(Stored entries)

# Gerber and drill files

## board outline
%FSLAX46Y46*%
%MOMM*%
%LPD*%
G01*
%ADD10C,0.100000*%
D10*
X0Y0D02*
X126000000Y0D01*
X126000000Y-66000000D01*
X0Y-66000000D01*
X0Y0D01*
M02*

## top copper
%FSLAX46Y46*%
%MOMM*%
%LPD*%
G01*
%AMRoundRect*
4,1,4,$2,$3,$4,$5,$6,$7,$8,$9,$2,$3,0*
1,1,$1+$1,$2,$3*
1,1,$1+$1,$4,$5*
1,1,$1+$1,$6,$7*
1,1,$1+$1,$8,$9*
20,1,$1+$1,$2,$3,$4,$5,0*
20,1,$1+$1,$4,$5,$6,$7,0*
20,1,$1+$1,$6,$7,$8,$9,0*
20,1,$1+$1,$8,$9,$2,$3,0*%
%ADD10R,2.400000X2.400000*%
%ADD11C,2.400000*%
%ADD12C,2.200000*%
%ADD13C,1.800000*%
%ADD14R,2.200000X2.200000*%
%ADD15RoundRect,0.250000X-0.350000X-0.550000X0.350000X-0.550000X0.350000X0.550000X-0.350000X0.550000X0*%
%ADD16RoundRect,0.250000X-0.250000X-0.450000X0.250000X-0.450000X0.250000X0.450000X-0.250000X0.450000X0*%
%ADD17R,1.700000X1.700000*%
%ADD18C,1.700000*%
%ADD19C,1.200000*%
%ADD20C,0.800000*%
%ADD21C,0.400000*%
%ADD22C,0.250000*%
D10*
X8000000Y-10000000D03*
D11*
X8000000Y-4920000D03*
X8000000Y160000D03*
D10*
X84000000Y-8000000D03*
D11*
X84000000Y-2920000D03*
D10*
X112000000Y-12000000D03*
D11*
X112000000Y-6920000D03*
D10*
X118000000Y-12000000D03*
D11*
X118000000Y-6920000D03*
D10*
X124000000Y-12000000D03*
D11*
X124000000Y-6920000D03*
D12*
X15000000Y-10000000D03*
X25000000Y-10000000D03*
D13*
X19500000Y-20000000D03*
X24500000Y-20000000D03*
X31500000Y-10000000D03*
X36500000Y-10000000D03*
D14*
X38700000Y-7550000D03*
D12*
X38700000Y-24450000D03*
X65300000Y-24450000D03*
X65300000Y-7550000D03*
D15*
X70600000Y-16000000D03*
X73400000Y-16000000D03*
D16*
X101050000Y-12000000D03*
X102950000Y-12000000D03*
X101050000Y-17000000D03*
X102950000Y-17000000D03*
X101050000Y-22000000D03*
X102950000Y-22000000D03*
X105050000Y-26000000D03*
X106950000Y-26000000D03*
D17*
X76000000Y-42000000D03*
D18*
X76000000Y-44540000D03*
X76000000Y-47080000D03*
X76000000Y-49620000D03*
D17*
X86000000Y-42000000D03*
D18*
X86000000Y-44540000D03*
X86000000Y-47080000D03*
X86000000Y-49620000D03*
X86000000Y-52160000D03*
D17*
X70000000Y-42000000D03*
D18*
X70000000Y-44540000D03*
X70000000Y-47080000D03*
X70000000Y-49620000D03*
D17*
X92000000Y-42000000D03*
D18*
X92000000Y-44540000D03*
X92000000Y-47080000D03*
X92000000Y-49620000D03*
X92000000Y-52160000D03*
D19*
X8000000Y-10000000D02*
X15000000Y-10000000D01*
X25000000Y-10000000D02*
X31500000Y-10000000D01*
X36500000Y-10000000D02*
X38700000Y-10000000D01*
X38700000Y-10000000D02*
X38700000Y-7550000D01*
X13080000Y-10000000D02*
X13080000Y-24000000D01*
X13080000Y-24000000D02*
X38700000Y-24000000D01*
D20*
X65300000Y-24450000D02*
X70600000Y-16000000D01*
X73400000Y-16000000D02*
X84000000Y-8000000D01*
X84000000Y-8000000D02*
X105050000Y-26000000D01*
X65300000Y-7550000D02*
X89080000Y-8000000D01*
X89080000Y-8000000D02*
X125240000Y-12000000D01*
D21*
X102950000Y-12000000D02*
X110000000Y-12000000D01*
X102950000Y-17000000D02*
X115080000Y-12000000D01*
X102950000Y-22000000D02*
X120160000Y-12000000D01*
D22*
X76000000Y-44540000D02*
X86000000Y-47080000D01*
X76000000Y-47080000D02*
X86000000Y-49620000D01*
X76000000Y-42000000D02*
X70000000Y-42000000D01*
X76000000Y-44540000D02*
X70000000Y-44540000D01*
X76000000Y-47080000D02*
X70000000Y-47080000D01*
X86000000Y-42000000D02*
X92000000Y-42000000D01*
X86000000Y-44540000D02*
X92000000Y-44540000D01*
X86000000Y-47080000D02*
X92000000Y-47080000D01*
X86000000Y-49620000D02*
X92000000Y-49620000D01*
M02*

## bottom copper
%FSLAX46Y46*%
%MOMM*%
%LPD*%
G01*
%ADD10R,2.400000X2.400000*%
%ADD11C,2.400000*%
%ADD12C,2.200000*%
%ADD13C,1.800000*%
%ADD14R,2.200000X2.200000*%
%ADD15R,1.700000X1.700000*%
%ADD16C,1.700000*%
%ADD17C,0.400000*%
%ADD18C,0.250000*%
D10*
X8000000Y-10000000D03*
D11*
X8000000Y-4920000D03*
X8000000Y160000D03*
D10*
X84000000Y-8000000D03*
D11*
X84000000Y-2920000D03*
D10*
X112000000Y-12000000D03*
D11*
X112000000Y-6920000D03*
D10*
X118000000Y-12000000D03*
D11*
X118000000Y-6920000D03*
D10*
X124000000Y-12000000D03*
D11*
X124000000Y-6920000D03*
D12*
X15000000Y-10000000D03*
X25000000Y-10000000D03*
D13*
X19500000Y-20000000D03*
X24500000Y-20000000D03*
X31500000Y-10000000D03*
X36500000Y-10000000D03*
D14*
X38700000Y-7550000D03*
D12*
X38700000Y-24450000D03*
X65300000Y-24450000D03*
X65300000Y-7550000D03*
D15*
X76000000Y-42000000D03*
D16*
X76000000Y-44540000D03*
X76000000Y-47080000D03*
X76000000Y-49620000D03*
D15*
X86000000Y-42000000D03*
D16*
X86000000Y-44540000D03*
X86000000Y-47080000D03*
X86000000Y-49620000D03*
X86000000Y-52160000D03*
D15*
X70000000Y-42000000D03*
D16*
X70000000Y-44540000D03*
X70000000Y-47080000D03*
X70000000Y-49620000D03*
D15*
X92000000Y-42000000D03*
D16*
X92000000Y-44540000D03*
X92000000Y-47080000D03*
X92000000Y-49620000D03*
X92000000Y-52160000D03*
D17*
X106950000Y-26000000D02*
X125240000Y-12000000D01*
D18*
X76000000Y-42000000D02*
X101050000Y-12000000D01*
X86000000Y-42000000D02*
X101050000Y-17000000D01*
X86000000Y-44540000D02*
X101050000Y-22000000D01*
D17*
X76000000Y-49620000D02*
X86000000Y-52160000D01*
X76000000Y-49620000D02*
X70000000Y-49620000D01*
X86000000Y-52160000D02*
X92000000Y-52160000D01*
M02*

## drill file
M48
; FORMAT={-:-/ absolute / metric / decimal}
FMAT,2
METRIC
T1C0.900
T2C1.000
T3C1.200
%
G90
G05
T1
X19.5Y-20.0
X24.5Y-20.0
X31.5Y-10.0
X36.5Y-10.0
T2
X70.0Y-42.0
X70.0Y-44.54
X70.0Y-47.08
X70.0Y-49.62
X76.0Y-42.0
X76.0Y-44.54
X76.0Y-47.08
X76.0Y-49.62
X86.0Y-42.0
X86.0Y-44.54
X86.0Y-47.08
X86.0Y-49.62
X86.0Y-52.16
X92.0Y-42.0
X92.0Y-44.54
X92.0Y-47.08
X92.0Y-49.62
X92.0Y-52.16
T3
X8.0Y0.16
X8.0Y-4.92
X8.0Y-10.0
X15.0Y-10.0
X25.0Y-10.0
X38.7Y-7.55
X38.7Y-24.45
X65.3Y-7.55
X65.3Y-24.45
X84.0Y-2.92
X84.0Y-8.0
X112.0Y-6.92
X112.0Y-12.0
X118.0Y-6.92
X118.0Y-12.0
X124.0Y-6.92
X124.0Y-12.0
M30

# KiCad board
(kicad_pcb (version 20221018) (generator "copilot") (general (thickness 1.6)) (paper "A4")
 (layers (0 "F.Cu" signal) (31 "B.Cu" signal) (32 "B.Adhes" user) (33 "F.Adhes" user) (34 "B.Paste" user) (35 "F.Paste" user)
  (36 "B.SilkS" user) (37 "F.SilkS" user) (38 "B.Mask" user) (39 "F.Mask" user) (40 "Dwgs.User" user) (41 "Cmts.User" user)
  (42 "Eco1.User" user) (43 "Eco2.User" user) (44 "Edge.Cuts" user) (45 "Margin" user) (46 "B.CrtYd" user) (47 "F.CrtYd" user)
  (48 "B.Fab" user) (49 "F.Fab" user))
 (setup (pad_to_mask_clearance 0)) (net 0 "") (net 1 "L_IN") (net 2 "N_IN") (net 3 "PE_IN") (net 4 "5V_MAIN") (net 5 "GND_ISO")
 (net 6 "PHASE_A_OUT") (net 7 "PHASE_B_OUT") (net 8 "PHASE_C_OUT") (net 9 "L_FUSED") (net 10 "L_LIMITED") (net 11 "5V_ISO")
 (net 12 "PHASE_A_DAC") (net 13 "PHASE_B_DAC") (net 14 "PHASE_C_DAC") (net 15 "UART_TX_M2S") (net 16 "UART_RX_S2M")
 (gr_rect (start 0 0) (end 126 66) (stroke (width 0.1) (type solid)) (fill none) (layer "Edge.Cuts"))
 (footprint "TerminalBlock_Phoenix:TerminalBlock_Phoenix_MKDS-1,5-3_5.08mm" (layer "F.Cu") (at 8 10 90)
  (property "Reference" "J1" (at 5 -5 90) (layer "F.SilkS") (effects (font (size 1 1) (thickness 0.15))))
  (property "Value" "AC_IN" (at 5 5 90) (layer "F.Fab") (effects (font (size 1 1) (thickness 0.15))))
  (pad "1" thru_hole rect (at 0 0 90) (size 2.4 2.4) (drill 1.2) (layers "*.Cu" "*.Mask") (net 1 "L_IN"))
  (pad "2" thru_hole circle (at 5.08 0 90) (size 2.4 2.4) (drill 1.2) (layers "*.Cu" "*.Mask") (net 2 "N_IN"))
  (pad "3" thru_hole circle (at 10.16 0 90) (size 2.4 2.4) (drill 1.2) (layers "*.Cu" "*.Mask") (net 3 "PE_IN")))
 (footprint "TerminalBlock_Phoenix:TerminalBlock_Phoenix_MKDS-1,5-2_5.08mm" (layer "F.Cu") (at 84 8 90)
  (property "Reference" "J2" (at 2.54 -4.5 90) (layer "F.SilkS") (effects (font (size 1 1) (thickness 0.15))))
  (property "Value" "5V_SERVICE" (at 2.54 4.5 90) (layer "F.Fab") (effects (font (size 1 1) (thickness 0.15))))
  (pad "1" thru_hole rect (at 0 0 90) (size 2.4 2.4) (drill 1.2) (layers "*.Cu" "*.Mask") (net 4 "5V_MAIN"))
  (pad "2" thru_hole circle (at 5.08 0 90) (size 2.4 2.4) (drill 1.2) (layers "*.Cu" "*.Mask") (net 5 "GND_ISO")))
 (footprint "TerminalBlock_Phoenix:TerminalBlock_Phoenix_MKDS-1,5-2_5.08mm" (layer "F.Cu") (at 112 12 90)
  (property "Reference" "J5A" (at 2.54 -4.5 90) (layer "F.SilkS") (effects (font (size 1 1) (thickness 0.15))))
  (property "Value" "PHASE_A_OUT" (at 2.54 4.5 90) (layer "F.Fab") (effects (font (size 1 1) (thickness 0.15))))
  (pad "1" thru_hole rect (at 0 0 90) (size 2.4 2.4) (drill 1.2) (layers "*.Cu" "*.Mask") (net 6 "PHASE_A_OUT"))
  (pad "2" thru_hole circle (at 5.08 0 90) (size 2.4 2.4) (drill 1.2) (layers "*.Cu" "*.Mask") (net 5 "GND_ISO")))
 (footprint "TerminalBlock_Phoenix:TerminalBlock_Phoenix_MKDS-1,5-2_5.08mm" (layer "F.Cu") (at 118 12 90)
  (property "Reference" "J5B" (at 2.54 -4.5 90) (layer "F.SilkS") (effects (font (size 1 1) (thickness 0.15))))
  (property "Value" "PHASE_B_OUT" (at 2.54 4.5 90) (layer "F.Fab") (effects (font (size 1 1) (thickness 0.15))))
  (pad "1" thru_hole rect (at 0 0 90) (size 2.4 2.4) (drill 1.2) (layers "*.Cu" "*.Mask") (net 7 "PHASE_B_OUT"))
  (pad "2" thru_hole circle (at 5.08 0 90) (size 2.4 2.4) (drill 1.2) (layers "*.Cu" "*.Mask") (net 5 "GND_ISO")))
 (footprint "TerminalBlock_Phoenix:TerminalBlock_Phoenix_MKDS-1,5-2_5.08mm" (layer "F.Cu") (at 124 12 90)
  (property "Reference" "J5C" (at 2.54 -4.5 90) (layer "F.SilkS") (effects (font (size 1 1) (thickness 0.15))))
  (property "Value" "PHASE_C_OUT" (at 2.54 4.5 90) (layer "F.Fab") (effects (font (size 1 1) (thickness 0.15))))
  (pad "1" thru_hole rect (at 0 0 90) (size 2.4 2.4) (drill 1.2) (layers "*.Cu" "*.Mask") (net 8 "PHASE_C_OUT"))
  (pad "2" thru_hole circle (at 5.08 0 90) (size 2.4 2.4) (drill 1.2) (layers "*.Cu" "*.Mask") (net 5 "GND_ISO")))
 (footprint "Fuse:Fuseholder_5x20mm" (layer "F.Cu") (at 20 10 0)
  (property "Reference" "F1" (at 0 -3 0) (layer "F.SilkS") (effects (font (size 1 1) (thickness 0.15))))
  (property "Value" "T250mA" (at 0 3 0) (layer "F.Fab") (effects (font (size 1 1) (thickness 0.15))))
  (pad "1" thru_hole circle (at -5 0 0) (size 2.2 2.2) (drill 1.2) (layers "*.Cu" "*.Mask") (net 1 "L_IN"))
  (pad "2" thru_hole circle (at 5 0 0) (size 2.2 2.2) (drill 1.2) (layers "*.Cu" "*.Mask") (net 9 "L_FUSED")))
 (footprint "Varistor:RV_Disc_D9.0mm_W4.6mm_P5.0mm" (layer "F.Cu") (at 22 20 0)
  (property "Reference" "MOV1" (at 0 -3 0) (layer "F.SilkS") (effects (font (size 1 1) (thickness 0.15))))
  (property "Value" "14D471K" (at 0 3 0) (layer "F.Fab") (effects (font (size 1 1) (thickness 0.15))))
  (pad "1" thru_hole circle (at -2.5 0 0) (size 1.8 1.8) (drill 0.9) (layers "*.Cu" "*.Mask") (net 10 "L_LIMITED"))
  (pad "2" thru_hole circle (at 2.5 0 0) (size 1.8 1.8) (drill 0.9) (layers "*.Cu" "*.Mask") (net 2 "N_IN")))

_Activity:_ Write out only the lines from the very start of the entries above to the line that includes "X102950000Y-12000000D03*", both ends included, each one unchanged.

_Result for this task:_
# Gerber and drill files

## board outline
%FSLAX46Y46*%
%MOMM*%
%LPD*%
G01*
%ADD10C,0.100000*%
D10*
X0Y0D02*
X126000000Y0D01*
X126000000Y-66000000D01*
X0Y-66000000D01*
X0Y0D01*
M02*

## top copper
%FSLAX46Y46*%
%MOMM*%
%LPD*%
G01*
%AMRoundRect*
4,1,4,$2,$3,$4,$5,$6,$7,$8,$9,$2,$3,0*
1,1,$1+$1,$2,$3*
1,1,$1+$1,$4,$5*
1,1,$1+$1,$6,$7*
1,1,$1+$1,$8,$9*
20,1,$1+$1,$2,$3,$4,$5,0*
20,1,$1+$1,$4,$5,$6,$7,0*
20,1,$1+$1,$6,$7,$8,$9,0*
20,1,$1+$1,$8,$9,$2,$3,0*%
%ADD10R,2.400000X2.400000*%
%ADD11C,2.400000*%
%ADD12C,2.200000*%
%ADD13C,1.800000*%
%ADD14R,2.200000X2.200000*%
%ADD15RoundRect,0.250000X-0.350000X-0.550000X0.350000X-0.550000X0.350000X0.550000X-0.350000X0.550000X0*%
%ADD16RoundRect,0.250000X-0.250000X-0.450000X0.250000X-0.450000X0.250000X0.450000X-0.250000X0.450000X0*%
%ADD17R,1.700000X1.700000*%
%ADD18C,1.700000*%
%ADD19C,1.200000*%
%ADD20C,0.800000*%
%ADD21C,0.400000*%
%ADD22C,0.250000*%
D10*
X8000000Y-10000000D03*
D11*
X8000000Y-4920000D03*
X8000000Y160000D03*
D10*
X84000000Y-8000000D03*
D11*
X84000000Y-2920000D03*
D10*
X112000000Y-12000000D03*
D11*
X112000000Y-6920000D03*
D10*
X118000000Y-12000000D03*
D11*
X118000000Y-6920000D03*
D10*
X124000000Y-12000000D03*
D11*
X124000000Y-6920000D03*
D12*
X15000000Y-10000000D03*
X25000000Y-10000000D03*
D13*
X19500000Y-20000000D03*
X24500000Y-20000000D03*
X31500000Y-10000000D03*
X36500000Y-10000000D03*
D14*
X38700000Y-7550000D03*
D12*
X38700000Y-24450000D03*
X65300000Y-24450000D03*
X65300000Y-7550000D03*
D15*
X70600000Y-16000000D03*
X73400000Y-16000000D03*
D16*
X101050000Y-12000000D03*
X102950000Y-12000000D03*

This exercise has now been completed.